> [Your task]:
From the records below, set down exactly the lines starting with the line that contains "(fp_text reference RV2" and going on through the line that contains "(pad 2 thru_hole circle (at -2.54 0 270)". Nothing else is wanted.

> [Excerpted data]:
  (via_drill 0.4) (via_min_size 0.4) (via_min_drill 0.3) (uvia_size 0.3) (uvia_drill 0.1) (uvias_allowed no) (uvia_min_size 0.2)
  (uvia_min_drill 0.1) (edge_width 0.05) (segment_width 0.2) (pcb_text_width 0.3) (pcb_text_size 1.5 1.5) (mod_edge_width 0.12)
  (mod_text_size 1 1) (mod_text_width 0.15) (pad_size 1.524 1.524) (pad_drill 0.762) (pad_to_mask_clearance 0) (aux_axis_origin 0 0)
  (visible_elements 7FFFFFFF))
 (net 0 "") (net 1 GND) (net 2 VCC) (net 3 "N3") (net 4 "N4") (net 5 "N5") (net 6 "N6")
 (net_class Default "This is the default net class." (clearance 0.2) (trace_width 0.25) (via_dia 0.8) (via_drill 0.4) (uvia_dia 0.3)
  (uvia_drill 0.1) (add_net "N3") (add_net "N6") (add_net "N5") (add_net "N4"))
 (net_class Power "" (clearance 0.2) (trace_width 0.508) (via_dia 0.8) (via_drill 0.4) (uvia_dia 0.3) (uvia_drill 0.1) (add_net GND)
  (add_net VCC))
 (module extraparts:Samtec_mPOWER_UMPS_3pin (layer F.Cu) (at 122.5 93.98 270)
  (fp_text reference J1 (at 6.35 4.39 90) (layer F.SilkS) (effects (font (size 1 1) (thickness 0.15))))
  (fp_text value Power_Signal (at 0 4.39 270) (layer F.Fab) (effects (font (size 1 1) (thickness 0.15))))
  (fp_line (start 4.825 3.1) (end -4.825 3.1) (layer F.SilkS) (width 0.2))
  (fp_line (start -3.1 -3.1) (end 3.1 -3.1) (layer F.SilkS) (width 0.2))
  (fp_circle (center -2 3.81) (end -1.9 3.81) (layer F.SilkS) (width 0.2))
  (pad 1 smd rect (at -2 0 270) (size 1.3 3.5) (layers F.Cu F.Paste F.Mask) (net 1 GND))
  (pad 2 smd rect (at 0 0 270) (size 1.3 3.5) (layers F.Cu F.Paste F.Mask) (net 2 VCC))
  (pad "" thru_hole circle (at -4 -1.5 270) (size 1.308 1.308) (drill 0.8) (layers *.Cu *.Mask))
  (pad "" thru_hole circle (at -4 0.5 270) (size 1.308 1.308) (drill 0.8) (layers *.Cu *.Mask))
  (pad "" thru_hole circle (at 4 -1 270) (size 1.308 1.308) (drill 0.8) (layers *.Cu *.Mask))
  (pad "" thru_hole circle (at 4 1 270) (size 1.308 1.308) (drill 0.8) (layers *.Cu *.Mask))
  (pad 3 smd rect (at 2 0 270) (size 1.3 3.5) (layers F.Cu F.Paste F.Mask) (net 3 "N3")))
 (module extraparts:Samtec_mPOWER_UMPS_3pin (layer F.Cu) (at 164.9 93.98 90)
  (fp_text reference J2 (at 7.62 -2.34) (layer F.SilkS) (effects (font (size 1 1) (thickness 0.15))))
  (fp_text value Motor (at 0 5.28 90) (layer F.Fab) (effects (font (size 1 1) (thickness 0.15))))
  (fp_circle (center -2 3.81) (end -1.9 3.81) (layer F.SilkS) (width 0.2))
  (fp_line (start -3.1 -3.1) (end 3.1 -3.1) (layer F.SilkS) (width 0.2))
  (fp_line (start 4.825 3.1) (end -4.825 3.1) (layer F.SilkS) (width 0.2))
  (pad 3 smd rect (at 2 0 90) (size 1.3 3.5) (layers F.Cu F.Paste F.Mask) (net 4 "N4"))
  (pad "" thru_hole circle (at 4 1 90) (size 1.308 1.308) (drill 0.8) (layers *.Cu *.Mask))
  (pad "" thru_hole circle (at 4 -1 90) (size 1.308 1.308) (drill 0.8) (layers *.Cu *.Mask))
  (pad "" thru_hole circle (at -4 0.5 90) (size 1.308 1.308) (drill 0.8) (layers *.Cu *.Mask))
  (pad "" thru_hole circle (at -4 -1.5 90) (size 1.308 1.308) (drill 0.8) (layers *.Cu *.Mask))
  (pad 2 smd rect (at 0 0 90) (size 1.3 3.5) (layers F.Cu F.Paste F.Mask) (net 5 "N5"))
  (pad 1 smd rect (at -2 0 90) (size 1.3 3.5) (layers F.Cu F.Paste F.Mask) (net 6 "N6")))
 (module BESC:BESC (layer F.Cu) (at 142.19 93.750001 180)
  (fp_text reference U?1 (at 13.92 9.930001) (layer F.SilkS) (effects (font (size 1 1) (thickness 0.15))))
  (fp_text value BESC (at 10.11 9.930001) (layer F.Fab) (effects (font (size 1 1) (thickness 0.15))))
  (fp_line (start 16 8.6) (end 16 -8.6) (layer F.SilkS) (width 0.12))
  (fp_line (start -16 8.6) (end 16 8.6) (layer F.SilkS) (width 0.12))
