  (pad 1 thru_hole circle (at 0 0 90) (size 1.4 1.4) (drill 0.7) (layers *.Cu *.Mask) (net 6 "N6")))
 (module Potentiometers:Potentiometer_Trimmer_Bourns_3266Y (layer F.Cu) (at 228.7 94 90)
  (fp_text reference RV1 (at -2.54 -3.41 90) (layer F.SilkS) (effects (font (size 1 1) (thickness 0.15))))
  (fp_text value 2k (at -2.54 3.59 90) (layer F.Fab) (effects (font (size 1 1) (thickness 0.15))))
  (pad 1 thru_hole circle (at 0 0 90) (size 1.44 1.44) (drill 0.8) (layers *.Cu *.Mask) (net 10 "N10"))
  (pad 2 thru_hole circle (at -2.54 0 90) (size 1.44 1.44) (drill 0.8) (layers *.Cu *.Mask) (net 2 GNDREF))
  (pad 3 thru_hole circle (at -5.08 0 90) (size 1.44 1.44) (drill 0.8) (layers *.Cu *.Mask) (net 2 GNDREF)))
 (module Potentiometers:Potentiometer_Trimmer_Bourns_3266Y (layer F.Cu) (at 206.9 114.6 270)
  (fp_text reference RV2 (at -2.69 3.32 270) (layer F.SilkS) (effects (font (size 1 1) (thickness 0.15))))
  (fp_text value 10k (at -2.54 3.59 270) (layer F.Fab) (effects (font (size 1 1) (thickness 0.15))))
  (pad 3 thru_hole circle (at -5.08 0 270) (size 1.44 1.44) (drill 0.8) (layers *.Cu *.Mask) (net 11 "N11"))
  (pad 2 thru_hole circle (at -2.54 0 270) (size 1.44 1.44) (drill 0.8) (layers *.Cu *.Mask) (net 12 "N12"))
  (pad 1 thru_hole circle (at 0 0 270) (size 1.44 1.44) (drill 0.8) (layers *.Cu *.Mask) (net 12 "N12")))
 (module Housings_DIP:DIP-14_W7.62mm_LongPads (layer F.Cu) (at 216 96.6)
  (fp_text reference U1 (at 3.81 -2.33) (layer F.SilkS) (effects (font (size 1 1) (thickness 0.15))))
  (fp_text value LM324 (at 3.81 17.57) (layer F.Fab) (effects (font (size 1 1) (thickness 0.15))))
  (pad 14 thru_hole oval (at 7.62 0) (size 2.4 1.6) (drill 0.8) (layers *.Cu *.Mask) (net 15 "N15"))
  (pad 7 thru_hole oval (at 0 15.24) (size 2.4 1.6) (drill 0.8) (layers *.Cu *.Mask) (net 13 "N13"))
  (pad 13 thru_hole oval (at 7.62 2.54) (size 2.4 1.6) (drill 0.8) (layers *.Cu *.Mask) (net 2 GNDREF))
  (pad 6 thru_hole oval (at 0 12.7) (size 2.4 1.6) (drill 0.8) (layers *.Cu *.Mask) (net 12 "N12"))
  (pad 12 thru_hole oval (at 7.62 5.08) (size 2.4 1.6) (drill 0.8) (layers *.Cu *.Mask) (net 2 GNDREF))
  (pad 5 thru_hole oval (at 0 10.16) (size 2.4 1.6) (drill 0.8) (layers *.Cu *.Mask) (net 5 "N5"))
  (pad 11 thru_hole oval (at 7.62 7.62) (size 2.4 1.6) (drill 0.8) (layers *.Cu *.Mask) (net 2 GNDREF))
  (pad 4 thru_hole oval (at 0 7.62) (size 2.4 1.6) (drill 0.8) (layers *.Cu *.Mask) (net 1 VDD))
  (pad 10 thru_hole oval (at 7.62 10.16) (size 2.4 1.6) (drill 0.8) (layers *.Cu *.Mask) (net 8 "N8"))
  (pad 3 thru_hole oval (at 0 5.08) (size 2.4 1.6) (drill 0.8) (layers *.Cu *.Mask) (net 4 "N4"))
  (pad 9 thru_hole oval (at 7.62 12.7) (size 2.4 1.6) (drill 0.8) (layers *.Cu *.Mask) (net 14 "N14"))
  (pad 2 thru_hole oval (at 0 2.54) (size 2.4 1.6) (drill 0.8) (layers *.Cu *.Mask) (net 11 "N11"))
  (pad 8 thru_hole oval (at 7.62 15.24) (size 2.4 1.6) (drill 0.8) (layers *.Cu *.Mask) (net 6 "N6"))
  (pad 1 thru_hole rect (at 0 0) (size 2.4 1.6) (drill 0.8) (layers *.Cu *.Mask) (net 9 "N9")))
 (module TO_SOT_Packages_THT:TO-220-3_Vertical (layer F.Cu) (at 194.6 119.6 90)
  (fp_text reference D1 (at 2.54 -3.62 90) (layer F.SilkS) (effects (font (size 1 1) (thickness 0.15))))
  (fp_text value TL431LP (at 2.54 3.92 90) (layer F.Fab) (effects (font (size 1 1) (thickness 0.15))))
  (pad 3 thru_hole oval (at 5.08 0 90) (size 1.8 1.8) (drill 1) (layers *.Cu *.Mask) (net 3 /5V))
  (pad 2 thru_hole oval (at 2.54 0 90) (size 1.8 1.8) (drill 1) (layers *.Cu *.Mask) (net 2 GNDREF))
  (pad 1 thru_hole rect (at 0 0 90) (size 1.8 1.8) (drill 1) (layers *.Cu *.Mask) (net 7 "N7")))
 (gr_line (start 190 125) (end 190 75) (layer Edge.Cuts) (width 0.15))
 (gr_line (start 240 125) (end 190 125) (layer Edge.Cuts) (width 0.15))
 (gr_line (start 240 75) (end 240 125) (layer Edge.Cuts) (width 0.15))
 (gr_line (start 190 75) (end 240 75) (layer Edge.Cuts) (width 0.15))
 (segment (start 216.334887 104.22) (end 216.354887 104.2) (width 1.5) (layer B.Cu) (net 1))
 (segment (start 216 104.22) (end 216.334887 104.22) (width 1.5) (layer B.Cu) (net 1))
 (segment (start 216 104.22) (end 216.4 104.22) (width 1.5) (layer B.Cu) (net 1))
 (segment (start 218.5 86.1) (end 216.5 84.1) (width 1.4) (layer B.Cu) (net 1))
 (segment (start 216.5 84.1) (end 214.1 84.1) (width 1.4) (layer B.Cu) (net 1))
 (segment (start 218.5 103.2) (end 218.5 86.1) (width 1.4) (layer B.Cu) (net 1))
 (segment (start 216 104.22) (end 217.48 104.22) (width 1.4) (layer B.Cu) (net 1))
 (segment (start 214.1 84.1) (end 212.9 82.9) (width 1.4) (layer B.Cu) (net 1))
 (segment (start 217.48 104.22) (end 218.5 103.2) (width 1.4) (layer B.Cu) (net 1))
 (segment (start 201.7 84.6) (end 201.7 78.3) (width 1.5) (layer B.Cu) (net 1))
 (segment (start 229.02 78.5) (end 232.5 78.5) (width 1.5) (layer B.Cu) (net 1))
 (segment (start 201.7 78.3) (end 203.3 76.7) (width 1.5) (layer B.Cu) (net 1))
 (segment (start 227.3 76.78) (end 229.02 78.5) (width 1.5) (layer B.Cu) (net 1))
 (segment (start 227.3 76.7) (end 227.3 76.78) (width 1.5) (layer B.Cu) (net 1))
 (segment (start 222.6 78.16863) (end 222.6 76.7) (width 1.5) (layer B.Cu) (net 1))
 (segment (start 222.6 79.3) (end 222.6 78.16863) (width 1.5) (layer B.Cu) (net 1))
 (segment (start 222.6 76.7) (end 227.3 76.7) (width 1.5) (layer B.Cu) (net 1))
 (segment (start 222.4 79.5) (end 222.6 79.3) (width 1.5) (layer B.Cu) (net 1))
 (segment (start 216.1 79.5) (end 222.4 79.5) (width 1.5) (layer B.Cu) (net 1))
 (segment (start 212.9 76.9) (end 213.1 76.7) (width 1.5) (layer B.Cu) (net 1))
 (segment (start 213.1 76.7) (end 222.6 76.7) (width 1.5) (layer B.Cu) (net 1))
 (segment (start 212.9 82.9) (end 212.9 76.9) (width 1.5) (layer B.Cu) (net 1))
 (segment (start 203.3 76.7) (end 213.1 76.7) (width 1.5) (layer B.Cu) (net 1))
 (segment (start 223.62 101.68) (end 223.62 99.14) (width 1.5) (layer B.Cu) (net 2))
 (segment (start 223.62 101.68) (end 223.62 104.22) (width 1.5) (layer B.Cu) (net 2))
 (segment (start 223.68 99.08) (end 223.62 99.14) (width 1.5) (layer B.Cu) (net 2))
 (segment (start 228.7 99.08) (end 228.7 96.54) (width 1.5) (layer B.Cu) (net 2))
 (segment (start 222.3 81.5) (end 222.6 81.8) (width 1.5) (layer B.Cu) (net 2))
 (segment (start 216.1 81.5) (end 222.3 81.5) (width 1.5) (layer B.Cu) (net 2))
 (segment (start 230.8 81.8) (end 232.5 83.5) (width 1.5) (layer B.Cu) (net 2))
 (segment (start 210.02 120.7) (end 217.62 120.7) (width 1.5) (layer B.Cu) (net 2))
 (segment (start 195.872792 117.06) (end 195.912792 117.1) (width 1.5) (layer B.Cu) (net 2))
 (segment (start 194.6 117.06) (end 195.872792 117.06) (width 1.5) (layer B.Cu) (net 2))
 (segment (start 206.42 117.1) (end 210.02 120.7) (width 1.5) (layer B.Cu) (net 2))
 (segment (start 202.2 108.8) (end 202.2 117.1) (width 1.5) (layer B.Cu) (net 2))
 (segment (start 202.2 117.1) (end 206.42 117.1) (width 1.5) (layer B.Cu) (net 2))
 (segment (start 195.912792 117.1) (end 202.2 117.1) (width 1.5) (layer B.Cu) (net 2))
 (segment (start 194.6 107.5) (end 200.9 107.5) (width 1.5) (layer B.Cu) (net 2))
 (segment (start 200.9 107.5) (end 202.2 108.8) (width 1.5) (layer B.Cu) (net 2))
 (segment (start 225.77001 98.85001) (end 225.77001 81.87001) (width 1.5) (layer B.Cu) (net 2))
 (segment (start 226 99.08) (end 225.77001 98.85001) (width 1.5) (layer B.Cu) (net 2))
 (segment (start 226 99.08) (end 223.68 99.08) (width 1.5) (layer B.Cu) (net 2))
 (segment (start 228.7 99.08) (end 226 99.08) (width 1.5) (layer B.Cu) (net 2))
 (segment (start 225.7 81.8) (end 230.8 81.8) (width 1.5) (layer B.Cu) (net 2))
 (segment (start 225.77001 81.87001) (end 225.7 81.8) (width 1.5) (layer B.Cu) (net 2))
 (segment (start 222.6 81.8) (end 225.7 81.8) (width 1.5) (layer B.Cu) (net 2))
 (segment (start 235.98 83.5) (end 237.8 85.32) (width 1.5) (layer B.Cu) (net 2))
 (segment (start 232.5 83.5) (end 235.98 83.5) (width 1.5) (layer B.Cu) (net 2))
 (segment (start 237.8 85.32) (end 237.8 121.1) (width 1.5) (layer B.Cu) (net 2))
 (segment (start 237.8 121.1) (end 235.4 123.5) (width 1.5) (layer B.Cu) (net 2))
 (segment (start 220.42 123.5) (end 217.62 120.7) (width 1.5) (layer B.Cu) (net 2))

> [Output]:
  (fp_text reference RV2 (at -2.69 3.32 270) (layer F.SilkS) (effects (font (size 1 1) (thickness 0.15))))
  (fp_text value 10k (at -2.54 3.59 270) (layer F.Fab) (effects (font (size 1 1) (thickness 0.15))))
  (pad 3 thru_hole circle (at -5.08 0 270) (size 1.44 1.44) (drill 0.8) (layers *.Cu *.Mask) (net 11 "N11"))
  (pad 2 thru_hole circle (at -2.54 0 270) (size 1.44 1.44) (drill 0.8) (layers *.Cu *.Mask) (net 12 "N12"))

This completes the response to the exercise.